== Your task ==
Only the count should appear in your answer: how many lines of the data below contain the word "CrtYd"?

== Stored items ==
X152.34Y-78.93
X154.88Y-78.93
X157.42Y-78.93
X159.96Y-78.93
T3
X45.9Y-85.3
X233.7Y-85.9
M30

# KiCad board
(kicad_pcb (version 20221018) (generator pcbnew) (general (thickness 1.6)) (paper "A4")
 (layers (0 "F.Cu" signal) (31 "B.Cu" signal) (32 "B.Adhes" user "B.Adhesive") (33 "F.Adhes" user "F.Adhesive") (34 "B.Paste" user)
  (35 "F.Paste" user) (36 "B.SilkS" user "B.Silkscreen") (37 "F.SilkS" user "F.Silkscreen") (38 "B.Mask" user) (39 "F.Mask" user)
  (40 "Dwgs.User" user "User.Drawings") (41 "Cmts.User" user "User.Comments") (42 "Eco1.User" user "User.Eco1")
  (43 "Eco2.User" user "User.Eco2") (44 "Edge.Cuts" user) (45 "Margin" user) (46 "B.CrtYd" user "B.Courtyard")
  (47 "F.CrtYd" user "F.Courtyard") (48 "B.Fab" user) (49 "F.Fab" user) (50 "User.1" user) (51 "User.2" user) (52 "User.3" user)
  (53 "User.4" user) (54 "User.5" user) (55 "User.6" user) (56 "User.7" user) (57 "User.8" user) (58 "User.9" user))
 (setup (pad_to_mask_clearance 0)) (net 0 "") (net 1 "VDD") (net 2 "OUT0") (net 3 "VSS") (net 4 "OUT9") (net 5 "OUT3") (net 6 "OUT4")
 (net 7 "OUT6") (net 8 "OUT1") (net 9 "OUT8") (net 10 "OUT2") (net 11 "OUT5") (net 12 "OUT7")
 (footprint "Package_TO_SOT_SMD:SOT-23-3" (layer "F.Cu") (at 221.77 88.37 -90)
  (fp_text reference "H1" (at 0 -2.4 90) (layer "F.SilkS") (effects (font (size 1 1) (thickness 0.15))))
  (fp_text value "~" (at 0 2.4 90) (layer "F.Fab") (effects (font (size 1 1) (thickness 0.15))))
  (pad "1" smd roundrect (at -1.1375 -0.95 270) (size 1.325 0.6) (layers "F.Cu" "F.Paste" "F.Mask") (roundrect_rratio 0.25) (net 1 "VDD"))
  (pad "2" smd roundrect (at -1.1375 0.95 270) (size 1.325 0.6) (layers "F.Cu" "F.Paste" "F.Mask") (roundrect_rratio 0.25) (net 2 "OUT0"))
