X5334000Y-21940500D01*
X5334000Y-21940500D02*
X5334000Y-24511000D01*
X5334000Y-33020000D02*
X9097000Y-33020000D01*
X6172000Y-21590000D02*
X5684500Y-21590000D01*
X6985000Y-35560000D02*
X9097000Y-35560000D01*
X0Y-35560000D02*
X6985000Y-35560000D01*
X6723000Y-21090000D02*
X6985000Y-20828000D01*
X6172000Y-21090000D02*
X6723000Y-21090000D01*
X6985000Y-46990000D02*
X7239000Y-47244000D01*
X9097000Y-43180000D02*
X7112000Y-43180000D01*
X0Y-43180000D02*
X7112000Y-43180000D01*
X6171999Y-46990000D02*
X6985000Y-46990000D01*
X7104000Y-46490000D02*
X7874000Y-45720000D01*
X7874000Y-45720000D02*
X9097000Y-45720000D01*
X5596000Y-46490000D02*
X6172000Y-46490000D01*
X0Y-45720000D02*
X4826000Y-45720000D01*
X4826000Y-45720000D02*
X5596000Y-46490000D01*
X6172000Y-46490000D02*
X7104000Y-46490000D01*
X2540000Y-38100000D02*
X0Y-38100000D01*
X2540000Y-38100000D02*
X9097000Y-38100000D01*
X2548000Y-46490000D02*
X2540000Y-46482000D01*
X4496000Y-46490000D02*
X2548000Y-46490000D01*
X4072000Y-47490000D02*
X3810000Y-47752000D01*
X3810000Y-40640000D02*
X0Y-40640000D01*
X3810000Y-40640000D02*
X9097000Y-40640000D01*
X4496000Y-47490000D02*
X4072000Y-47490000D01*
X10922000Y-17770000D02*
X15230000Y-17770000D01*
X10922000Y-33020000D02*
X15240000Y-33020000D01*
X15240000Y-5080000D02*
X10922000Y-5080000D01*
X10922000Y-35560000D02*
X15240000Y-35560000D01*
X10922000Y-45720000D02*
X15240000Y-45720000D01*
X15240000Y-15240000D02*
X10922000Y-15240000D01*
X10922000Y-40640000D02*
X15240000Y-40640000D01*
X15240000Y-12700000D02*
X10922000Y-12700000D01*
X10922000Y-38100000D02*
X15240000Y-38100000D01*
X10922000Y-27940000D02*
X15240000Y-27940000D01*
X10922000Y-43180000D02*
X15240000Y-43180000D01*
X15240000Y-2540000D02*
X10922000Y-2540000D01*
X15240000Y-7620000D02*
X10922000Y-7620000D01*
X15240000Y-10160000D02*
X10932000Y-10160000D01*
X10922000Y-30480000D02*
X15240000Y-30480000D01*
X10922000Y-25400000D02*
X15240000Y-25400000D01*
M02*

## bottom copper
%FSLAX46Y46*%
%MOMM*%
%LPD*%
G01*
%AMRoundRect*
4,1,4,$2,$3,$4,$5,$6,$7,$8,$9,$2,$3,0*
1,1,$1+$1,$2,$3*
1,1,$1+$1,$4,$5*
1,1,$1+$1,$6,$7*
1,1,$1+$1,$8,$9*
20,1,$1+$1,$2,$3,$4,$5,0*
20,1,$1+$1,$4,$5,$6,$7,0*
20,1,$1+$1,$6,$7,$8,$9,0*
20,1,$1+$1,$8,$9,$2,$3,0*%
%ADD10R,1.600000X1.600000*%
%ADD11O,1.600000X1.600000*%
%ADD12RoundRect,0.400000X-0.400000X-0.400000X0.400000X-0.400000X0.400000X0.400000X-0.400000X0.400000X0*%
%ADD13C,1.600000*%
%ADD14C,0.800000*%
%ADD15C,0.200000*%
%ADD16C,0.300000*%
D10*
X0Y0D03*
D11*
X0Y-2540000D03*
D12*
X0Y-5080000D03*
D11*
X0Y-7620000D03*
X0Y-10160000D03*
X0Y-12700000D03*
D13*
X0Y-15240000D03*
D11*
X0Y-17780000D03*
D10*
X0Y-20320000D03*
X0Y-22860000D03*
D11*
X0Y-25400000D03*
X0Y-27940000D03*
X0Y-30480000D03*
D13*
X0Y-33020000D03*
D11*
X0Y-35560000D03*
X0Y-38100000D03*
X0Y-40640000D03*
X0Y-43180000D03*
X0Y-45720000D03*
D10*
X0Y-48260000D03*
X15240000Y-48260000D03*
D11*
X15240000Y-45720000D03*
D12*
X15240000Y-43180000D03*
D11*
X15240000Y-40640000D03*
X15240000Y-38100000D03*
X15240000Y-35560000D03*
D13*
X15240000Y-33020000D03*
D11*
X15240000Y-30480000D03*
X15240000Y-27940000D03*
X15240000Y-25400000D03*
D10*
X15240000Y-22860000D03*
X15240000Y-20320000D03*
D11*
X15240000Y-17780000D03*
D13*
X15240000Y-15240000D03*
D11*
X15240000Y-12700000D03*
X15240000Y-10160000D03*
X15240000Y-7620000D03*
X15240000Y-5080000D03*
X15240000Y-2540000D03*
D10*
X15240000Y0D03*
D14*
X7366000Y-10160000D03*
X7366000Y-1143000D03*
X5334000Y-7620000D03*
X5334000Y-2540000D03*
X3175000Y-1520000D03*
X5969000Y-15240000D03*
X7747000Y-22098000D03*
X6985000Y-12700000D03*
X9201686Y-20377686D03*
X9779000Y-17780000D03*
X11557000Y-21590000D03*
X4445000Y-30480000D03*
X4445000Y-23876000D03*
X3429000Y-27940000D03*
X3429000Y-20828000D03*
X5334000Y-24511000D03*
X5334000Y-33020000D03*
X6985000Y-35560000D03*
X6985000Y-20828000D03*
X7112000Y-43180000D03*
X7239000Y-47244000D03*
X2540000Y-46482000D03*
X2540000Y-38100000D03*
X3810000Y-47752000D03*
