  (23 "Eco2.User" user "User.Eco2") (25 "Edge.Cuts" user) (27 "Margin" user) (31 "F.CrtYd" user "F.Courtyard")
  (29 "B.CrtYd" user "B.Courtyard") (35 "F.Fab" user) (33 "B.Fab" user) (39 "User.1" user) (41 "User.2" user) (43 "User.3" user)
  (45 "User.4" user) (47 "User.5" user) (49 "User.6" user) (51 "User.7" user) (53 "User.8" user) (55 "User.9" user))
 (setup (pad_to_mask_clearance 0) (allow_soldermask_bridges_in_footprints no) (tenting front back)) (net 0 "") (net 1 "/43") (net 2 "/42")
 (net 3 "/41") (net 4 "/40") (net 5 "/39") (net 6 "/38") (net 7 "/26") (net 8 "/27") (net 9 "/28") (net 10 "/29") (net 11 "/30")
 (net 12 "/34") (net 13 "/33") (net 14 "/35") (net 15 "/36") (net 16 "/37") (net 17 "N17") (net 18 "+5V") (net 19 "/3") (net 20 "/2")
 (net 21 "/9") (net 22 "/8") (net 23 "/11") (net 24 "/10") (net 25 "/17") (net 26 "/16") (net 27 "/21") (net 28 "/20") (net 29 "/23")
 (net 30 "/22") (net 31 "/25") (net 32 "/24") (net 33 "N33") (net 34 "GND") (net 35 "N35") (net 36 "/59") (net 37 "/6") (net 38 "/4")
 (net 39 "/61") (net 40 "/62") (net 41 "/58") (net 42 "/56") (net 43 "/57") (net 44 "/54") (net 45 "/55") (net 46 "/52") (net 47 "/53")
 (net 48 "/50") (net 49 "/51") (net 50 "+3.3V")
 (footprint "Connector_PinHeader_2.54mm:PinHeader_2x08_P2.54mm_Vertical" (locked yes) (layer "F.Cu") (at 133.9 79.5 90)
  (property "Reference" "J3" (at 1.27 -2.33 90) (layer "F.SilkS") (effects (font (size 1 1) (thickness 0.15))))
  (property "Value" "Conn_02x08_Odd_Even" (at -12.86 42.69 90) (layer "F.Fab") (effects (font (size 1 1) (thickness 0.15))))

== Solved exercise ==
4